> _EXERCISE REQUIREMENTS_
Within the entries below, the lines from the one with "X128.27Y-88.646" through the one with "X154.686Y-69.596" are to be set down exactly, both ends kept.

> _SOURCE DATA_
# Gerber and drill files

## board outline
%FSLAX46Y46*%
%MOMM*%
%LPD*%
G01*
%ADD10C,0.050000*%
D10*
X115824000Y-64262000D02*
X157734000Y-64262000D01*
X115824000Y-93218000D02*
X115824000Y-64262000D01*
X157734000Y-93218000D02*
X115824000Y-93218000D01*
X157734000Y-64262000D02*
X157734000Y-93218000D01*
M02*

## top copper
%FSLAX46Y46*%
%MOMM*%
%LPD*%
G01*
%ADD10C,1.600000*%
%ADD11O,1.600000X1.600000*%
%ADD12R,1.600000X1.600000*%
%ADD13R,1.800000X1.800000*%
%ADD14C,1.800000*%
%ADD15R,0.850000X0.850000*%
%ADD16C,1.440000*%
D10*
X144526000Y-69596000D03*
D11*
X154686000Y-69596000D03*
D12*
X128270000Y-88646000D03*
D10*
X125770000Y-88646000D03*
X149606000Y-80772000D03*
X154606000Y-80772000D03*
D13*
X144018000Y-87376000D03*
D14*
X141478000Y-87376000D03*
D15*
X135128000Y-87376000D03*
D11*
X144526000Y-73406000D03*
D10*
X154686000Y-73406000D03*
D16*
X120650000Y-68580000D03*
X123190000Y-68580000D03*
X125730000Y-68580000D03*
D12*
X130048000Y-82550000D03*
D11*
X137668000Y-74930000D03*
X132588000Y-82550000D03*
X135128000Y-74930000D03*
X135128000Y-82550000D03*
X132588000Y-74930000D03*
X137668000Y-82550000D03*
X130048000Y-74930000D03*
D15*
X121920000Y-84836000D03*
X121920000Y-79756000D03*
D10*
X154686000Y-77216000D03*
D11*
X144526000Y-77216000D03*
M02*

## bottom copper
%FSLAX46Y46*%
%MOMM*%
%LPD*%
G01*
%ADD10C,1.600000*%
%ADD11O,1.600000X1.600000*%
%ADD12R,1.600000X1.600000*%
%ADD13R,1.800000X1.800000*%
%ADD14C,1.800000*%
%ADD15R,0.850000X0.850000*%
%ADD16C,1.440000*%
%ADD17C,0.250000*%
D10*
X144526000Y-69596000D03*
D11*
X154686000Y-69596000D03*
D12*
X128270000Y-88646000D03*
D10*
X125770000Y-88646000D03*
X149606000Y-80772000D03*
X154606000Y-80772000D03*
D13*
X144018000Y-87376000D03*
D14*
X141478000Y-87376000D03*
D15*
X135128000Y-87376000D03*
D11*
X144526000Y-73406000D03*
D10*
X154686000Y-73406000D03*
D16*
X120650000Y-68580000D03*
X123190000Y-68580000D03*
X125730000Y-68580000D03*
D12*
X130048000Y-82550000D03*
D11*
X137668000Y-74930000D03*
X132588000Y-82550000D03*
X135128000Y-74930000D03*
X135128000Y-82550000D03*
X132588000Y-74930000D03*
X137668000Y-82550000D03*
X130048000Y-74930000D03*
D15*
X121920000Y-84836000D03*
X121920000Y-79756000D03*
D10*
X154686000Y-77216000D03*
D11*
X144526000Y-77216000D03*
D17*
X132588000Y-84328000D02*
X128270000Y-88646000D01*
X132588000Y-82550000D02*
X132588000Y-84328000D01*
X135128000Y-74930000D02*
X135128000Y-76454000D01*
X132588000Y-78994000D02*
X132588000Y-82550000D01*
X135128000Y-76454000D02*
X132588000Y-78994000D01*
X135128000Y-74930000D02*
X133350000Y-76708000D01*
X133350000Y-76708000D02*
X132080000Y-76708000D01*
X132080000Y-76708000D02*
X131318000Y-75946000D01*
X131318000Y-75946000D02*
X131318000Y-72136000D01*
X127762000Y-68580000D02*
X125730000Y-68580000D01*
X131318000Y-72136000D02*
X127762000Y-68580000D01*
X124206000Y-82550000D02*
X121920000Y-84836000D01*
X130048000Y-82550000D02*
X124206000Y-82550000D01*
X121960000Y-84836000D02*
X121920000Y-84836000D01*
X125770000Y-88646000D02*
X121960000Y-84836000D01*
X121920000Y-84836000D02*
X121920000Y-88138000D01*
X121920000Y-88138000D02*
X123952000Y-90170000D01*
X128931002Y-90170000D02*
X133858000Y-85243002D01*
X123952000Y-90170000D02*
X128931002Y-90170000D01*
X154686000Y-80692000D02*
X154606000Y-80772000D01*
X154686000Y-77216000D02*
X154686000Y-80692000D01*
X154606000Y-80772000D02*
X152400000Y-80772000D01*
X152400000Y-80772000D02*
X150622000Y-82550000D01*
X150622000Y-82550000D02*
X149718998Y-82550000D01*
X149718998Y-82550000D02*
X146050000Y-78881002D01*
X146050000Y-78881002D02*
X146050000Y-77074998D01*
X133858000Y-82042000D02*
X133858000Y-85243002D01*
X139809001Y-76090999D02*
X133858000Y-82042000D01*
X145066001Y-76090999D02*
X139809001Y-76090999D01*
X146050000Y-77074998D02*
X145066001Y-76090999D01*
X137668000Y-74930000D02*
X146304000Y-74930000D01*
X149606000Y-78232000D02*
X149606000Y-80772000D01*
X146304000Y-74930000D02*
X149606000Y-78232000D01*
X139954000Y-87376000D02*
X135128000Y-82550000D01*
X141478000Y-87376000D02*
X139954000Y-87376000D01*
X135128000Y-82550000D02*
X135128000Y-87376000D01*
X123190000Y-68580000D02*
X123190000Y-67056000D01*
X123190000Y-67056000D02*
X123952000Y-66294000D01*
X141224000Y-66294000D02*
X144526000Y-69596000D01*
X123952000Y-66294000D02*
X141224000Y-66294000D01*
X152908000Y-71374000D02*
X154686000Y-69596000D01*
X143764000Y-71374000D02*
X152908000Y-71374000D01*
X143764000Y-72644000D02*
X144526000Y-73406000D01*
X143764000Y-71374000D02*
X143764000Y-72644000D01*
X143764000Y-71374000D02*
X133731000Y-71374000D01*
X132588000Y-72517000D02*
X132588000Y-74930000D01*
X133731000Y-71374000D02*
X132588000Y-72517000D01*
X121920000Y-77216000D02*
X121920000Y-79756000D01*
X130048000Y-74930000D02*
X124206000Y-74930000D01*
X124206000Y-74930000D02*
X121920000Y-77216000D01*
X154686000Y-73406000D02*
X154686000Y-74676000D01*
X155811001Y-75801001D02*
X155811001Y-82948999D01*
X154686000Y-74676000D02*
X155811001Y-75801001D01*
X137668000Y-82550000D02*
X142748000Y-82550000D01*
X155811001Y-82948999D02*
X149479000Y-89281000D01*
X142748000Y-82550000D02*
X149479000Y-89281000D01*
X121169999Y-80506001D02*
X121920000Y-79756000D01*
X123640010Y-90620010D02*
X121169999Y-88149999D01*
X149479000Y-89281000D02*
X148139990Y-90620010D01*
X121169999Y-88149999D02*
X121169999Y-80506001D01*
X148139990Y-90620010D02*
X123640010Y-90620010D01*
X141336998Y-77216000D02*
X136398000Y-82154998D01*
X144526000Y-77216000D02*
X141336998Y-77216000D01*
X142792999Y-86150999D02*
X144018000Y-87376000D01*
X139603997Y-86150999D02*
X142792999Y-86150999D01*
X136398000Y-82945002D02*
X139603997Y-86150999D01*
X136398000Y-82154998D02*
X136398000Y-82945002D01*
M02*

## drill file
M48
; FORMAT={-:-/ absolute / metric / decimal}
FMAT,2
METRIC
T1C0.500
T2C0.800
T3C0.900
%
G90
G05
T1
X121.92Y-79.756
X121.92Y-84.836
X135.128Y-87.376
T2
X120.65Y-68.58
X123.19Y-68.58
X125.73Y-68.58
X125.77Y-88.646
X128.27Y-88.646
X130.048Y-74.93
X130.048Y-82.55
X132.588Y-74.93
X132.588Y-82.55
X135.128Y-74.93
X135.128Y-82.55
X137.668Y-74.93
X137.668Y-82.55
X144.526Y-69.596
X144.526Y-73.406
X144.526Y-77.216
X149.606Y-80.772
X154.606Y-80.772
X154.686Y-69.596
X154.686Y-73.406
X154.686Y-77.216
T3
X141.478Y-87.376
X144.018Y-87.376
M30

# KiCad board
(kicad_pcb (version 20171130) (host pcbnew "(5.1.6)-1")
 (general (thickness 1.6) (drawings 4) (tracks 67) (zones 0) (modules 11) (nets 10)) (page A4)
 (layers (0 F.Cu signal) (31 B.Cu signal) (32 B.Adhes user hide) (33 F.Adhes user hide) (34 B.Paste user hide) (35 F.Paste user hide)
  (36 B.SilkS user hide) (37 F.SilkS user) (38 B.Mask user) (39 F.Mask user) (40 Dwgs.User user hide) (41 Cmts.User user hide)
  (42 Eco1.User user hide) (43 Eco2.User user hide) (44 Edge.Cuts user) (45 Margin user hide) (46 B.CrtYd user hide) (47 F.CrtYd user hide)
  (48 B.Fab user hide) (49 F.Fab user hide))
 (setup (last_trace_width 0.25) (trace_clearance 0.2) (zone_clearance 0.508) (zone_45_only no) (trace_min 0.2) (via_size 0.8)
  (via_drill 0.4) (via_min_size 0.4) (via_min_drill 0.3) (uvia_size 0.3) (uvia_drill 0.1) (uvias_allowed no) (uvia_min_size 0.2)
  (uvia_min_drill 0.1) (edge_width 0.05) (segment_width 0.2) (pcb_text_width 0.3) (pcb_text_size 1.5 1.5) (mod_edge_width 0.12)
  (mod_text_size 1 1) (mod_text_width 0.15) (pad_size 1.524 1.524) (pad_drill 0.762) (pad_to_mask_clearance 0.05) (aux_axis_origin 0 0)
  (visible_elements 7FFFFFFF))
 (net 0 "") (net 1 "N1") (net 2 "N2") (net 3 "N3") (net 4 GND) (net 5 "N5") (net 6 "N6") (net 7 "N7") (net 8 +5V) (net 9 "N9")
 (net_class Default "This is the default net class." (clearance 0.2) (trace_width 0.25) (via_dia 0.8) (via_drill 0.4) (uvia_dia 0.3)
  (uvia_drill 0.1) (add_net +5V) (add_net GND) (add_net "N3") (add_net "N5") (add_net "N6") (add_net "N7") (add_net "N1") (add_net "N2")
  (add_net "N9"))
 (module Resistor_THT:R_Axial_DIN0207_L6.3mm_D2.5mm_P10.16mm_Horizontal (layer F.Cu) (at 144.526 69.596)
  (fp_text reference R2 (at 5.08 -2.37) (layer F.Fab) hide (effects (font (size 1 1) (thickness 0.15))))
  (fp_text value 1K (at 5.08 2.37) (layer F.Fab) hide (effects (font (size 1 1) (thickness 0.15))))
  (pad 1 thru_hole circle (at 0 0) (size 1.6 1.6) (drill 0.8) (layers *.Cu *.Mask) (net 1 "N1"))
  (pad 2 thru_hole oval (at 10.16 0) (size 1.6 1.6) (drill 0.8) (layers *.Cu *.Mask) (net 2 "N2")))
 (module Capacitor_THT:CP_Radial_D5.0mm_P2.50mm (layer F.Cu) (at 128.27 88.646 180)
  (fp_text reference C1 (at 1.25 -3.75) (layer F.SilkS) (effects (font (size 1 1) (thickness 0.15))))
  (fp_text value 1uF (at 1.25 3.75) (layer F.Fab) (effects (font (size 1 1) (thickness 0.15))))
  (pad 1 thru_hole rect (at 0 0 180) (size 1.6 1.6) (drill 0.8) (layers *.Cu *.Mask) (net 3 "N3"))
  (pad 2 thru_hole circle (at 2.5 0 180) (size 1.6 1.6) (drill 0.8) (layers *.Cu *.Mask) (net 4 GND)))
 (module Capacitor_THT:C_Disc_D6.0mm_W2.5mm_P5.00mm (layer F.Cu) (at 149.606 80.772)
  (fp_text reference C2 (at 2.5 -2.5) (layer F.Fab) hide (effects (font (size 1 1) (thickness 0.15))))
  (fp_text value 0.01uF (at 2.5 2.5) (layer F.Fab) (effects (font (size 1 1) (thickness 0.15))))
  (pad 1 thru_hole circle (at 0 0) (size 1.6 1.6) (drill 0.8) (layers *.Cu *.Mask) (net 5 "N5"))
  (pad 2 thru_hole circle (at 5 0) (size 1.6 1.6) (drill 0.8) (layers *.Cu *.Mask) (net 4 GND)))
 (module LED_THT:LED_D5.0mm (layer F.Cu) (at 144.018 87.376 180)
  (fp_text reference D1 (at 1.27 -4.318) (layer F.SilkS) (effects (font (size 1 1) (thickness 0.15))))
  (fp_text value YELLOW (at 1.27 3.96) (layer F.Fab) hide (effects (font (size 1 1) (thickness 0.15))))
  (pad 1 thru_hole rect (at 0 0 180) (size 1.8 1.8) (drill 0.9) (layers *.Cu *.Mask) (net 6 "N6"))
  (pad 2 thru_hole circle (at 2.54 0 180) (size 1.8 1.8) (drill 0.9) (layers *.Cu *.Mask) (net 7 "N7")))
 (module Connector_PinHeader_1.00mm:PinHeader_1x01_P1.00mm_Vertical (layer F.Cu) (at 135.128 87.376)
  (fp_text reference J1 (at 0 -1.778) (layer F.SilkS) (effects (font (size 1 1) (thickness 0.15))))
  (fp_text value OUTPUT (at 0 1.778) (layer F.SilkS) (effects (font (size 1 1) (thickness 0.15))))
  (pad 1 thru_hole rect (at 0 0) (size 0.85 0.85) (drill 0.5) (layers *.Cu *.Mask) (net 7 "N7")))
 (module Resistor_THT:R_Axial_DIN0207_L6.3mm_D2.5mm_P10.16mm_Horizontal (layer F.Cu) (at 154.686 73.406 180)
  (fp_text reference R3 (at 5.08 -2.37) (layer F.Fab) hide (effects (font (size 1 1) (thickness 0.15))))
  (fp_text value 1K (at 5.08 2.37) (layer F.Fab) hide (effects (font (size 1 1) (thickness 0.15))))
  (pad 2 thru_hole oval (at 10.16 0 180) (size 1.6 1.6) (drill 0.8) (layers *.Cu *.Mask) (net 2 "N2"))
  (pad 1 thru_hole circle (at 0 0 180) (size 1.6 1.6) (drill 0.8) (layers *.Cu *.Mask) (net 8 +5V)))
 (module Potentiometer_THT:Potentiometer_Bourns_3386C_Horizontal (layer F.Cu) (at 125.73 68.58 270)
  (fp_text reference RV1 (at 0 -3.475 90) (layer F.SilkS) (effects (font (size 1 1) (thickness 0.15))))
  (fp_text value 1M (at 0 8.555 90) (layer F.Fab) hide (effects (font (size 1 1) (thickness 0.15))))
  (pad 3 thru_hole circle (at 0 5.08 270) (size 1.44 1.44) (drill 0.8) (layers *.Cu *.Mask) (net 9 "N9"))
  (pad 2 thru_hole circle (at 0 2.54 270) (size 1.44 1.44) (drill 0.8) (layers *.Cu *.Mask) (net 1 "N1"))
  (pad 1 thru_hole circle (at 0 0 270) (size 1.44 1.44) (drill 0.8) (layers *.Cu *.Mask) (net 3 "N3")))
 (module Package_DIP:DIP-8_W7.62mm (layer F.Cu) (at 130.048 82.55 90)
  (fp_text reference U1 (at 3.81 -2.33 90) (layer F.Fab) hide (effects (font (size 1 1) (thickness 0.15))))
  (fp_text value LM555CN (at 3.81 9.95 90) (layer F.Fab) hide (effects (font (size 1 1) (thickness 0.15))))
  (pad 1 thru_hole rect (at 0 0 90) (size 1.6 1.6) (drill 0.8) (layers *.Cu *.Mask) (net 4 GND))
  (pad 5 thru_hole oval (at 7.62 7.62 90) (size 1.6 1.6) (drill 0.8) (layers *.Cu *.Mask) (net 5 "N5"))
  (pad 2 thru_hole oval (at 0 2.54 90) (size 1.6 1.6) (drill 0.8) (layers *.Cu *.Mask) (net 3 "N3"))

> _ANSWER TO THIS TASK_
X128.27Y-88.646
X130.048Y-74.93
X130.048Y-82.55
X132.588Y-74.93
X132.588Y-82.55
X135.128Y-74.93
X135.128Y-82.55
X137.668Y-74.93
X137.668Y-82.55
X144.526Y-69.596
X144.526Y-73.406
X144.526Y-77.216
X149.606Y-80.772
X154.606Y-80.772
X154.686Y-69.596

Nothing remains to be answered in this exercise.